Shorten's Plan to Lower the Voting Age Could Help Increase Political Engagement

Jean-Paul Gagnon

Assistant Professor in Politics, University of Canberra

Mark Chou

Associate Professor of Politics at the Australian Catholic University, Melbourne.

Catherine Hartung

Teaches and researches within the Faculty of Arts and Education at Deakin University.

Speaking at a NSW Young Labor conference over the weekend, Opposition Leader Bill Shorten called for Australia’s voting age to be lowered to 16. In a bid to “tackle the apathy and cynicism of young people towards politics”, Shorten said politicians must find ways to re-engage a generation of citizens who no longer seem interested in government affairs.

Though Liberal MPs were quick to dismiss Shorten’s announcement as a political gimmick to help Labor win votes, recent research shows that lowering the voting age to 16 can positively boost voter turnout.

Researchers discovered that first-time voters who were 16 or 17 were significantly more likely to enrol to vote and participate in elections than first-time voters between the ages of 18 and 20. Such findings are important because they confirm that young people are far from politically disengaged.
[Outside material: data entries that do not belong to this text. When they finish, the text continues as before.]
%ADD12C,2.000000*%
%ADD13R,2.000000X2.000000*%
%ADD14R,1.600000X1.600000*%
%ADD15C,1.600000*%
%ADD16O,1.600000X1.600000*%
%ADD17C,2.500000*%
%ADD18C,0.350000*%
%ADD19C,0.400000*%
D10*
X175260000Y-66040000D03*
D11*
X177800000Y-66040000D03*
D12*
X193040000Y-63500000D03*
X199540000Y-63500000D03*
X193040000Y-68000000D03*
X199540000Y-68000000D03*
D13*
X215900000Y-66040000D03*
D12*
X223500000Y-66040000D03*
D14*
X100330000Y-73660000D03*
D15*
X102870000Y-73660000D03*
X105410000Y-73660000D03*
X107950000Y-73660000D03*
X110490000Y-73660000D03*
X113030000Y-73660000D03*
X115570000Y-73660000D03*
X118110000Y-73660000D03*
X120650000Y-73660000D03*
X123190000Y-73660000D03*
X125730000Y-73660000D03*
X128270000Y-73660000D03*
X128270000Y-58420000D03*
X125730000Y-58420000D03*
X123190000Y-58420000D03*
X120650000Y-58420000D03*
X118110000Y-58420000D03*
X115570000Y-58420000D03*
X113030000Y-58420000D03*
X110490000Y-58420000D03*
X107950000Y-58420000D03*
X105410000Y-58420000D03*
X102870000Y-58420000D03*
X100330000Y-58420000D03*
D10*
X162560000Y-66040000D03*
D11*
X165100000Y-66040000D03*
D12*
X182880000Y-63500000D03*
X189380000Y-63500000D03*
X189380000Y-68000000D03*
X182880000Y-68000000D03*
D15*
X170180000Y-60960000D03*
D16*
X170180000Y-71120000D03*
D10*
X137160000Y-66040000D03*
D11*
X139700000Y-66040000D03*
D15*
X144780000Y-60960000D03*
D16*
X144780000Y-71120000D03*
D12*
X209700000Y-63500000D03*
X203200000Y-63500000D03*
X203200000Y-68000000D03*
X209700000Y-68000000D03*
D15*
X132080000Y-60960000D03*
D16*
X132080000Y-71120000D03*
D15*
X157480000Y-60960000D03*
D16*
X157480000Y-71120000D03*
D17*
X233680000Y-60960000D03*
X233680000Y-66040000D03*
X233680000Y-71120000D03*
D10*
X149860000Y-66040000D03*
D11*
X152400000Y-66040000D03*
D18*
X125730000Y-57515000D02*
Not only that, they disprove arguments that assume low electoral participation of 16- and 17-year-olds because of lack of political interest.

In Britain, it has become clear that denying youth a say in matters affecting their lives has left them hostage to a government that seems to care little about the welfare of society’s youngest citizens. As Gareth Evans, an MA student at Sheffield University, put it earlier this year, all this:

… serves as a very real, very painful, argument for lowering the voting age to 16.

After all, if a government can hurt the young this much, surely it’s only fair to give them a chance to hit back?

Shorten, it seems, agrees.

 

Shorten and ‘uncoupling’

But with all the media attention so far focused on Shorten’s proposal to lower the voting age, maybe the speech’s most important aspect has actually gone unnoticed.

Speaking about the challenges faced by today’s youth – from the rising cost of education to climate change to housing affordability – Shorten confessed he wasn’t surprised by young people’s decreasing interest in politics. If government ignores the stark realities faced by Australia’s youth, it’s only natural that many will be disgruntled with the system.

Shorten said:

You look at these challenges, you weigh them against the daily experience of life, and then you turn on your TV and see a parliament that isn’t shaped by your views or your reality. Perhaps it’s no wonder that our democracy has a participation problem – especially among young people.

What Shorten is referring to here is what governance scholars call the problem of “uncoupling”. This is the growing canyon now separating politics as understood and practiced by political authorities from the political practices of everyday people.

The situation is this: politicians – even where well-intentioned like Shorten – have become accustomed to seeing young people largely from a “civic deficit” perspective. In their eyes, too many young people simply do not care enough about politics to fulfil their democratic duties by voting at important national elections. When this happens, young people not only let themselves down, they also weaken the very fabric of representative democracy.

For their part, many young people express a sense of alienation from their political representatives. What they care most about – social and post-material concerns – rarely rates a mention against the big-ticket issues contested at most national elections.

How young people choose to engage – through campaigns, social movements, online networks – is also unjustly condemned as illegitimate political participation.

At its worst, some young people do not see what they understand and practice as politics. Politics, for them, is something largely reserved for political elites in Canberra.

All of this points to a fundamental disconnect – an uncoupling.

 

And now for the good news

The good news is that politicians such as Shorten now seem more aware of this disconnect. They are beginning to realise that Australia’s civic deficit is not simply the fault of an “apathetic” and “cynical” youth. Politicians and government must also be held to account.

Shorten’s solution, for now, is to lower the voting age. But a much more fundamental shift in thinking may be required to overcome the issue of uncoupling. Simply put, politicians must learn to see voting at elections as merely one of many legitimate forms of political participation.

UK-based youth researcher Benjamin Bowman recently wrote in The Conversation that:

… young people can be voters, but also abstainers, protesters, organisers, union members and ethical buyers.

Politicians interested in more than winning votes would do well to embrace all these as ways of doing politics in the 21st century.